### Try it
In how many lines of the data below does the word "thickness" appear? Reply with the number and nothing more.

(Material shown Opens)

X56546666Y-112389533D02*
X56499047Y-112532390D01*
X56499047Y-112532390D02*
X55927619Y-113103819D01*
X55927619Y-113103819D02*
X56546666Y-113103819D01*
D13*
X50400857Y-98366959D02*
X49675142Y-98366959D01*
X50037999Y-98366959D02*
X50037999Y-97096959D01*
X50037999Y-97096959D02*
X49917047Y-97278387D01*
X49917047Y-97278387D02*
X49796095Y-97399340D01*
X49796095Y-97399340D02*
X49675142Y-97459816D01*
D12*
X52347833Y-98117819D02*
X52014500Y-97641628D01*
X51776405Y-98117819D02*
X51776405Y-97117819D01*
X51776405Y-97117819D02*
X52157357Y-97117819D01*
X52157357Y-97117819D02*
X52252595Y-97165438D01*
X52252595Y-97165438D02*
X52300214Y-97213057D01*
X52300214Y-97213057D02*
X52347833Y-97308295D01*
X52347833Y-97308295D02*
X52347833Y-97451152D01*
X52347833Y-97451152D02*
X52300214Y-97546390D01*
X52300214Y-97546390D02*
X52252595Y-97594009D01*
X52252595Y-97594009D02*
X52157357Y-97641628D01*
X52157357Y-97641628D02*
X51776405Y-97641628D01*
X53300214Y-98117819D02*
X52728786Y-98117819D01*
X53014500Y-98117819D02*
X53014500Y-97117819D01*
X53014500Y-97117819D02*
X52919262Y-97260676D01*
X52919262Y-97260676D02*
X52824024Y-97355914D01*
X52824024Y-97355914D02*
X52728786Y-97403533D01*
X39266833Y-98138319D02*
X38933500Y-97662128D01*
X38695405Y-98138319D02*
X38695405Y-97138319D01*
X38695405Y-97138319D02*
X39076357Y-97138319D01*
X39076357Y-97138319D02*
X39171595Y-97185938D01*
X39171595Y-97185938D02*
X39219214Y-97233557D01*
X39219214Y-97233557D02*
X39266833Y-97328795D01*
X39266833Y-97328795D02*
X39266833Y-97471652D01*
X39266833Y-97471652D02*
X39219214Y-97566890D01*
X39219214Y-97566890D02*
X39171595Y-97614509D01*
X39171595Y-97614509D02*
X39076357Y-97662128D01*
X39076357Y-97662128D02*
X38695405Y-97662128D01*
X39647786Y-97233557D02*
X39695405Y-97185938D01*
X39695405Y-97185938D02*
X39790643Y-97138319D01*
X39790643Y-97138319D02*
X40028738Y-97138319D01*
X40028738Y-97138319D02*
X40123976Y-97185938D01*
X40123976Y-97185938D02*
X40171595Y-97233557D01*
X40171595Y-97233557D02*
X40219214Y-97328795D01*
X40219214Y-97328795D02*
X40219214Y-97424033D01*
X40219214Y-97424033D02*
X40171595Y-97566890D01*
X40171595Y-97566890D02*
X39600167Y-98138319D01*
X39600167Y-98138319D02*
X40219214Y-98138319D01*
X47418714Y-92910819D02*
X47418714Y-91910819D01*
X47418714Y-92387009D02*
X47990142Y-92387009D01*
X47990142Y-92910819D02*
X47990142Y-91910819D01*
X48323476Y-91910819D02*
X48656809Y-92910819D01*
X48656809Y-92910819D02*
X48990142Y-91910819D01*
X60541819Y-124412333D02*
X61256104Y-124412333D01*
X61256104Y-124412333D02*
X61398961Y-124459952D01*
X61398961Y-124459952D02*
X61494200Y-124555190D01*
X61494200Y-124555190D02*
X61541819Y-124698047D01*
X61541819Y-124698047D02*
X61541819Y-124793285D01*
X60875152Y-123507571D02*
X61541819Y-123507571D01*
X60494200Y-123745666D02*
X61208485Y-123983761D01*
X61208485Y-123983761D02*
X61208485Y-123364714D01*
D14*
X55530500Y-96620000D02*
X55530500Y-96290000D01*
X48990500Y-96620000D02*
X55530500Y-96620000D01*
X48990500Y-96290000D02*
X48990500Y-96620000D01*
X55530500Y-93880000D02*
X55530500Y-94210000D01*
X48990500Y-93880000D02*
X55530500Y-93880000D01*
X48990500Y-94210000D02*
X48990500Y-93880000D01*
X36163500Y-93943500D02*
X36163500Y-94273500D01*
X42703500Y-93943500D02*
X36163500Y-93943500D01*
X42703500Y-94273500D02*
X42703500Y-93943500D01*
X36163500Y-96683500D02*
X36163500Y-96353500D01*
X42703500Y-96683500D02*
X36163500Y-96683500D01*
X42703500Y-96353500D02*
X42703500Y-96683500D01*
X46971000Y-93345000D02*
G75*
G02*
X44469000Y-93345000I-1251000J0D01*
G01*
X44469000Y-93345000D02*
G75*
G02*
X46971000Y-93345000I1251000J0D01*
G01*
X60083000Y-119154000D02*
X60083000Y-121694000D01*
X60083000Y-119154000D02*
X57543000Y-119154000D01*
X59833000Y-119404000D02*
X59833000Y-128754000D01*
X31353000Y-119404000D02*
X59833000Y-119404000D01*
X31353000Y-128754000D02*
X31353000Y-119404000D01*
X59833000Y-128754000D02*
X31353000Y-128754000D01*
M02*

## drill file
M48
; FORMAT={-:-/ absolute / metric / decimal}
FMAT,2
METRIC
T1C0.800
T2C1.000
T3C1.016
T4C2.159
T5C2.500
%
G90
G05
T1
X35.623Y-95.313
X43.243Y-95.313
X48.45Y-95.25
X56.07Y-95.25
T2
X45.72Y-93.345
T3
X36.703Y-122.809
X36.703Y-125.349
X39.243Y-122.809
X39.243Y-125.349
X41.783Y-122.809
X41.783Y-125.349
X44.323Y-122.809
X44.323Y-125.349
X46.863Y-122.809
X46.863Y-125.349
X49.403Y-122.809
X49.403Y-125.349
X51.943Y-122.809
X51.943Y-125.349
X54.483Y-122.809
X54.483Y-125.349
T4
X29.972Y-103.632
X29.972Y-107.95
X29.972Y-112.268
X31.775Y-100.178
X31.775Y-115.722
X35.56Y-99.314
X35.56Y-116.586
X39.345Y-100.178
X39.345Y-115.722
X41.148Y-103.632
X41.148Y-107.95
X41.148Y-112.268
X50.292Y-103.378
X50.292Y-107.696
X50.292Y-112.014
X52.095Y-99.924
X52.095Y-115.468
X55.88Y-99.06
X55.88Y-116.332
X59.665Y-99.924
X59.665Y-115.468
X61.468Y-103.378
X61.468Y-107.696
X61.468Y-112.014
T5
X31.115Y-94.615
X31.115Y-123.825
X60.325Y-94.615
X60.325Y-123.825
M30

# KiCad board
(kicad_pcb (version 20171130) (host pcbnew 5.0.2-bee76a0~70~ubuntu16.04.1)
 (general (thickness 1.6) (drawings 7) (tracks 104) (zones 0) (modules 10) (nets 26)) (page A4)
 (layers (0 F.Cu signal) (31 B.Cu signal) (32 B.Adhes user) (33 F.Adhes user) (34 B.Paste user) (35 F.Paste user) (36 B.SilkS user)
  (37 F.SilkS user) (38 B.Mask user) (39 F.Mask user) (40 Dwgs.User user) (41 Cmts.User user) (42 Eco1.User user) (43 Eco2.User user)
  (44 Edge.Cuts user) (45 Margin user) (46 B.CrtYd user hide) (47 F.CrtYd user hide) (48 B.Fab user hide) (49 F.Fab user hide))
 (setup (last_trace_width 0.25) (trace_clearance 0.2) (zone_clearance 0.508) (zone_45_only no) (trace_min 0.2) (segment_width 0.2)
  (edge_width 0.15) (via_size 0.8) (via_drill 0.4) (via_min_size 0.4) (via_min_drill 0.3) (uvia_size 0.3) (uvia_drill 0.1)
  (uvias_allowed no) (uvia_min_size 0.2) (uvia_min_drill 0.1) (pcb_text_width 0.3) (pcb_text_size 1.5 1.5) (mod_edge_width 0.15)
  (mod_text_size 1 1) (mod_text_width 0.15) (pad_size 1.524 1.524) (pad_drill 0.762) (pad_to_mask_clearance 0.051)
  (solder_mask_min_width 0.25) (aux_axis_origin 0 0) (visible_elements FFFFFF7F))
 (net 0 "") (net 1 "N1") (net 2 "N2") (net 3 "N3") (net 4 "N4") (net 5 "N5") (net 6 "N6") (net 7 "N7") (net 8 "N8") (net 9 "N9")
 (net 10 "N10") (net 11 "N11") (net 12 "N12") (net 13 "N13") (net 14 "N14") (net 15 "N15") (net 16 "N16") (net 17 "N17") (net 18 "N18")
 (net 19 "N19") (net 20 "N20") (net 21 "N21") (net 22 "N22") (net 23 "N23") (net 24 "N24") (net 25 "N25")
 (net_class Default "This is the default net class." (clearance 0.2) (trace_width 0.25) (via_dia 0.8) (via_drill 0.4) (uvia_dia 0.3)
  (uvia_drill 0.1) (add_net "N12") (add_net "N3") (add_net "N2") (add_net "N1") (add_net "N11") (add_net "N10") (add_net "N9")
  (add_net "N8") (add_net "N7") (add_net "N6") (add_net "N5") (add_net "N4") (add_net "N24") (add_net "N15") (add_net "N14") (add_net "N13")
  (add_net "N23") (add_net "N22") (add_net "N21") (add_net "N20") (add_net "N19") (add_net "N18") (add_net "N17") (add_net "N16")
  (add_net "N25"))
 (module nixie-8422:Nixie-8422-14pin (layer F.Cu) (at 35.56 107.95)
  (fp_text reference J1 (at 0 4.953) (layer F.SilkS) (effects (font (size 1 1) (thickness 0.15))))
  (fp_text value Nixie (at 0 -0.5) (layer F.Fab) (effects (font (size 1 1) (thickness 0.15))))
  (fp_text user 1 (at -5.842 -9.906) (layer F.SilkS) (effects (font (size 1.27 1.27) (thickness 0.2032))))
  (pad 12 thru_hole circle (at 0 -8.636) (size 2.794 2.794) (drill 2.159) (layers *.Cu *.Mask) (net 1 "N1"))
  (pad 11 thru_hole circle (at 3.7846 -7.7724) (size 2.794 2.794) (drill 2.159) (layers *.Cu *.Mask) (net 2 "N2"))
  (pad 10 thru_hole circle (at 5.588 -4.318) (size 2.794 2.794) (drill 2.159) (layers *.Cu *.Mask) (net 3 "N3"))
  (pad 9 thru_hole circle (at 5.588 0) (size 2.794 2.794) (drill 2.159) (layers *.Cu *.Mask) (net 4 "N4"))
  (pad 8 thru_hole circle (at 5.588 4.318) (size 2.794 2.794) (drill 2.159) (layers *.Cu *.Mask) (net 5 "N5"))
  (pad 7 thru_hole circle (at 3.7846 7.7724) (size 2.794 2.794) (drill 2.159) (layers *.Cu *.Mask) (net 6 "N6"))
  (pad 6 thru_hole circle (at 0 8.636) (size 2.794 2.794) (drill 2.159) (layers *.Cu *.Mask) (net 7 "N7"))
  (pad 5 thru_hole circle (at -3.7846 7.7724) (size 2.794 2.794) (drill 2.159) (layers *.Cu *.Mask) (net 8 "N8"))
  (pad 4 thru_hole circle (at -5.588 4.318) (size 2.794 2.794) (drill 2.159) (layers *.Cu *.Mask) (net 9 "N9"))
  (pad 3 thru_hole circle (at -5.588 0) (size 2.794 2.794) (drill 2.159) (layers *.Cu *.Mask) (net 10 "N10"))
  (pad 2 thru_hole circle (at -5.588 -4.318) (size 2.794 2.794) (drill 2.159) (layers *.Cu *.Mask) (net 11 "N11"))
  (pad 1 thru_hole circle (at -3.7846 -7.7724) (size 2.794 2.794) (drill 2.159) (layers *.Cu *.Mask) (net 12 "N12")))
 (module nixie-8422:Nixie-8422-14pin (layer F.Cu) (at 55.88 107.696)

(Material shown Closes)

### Exercise solution
4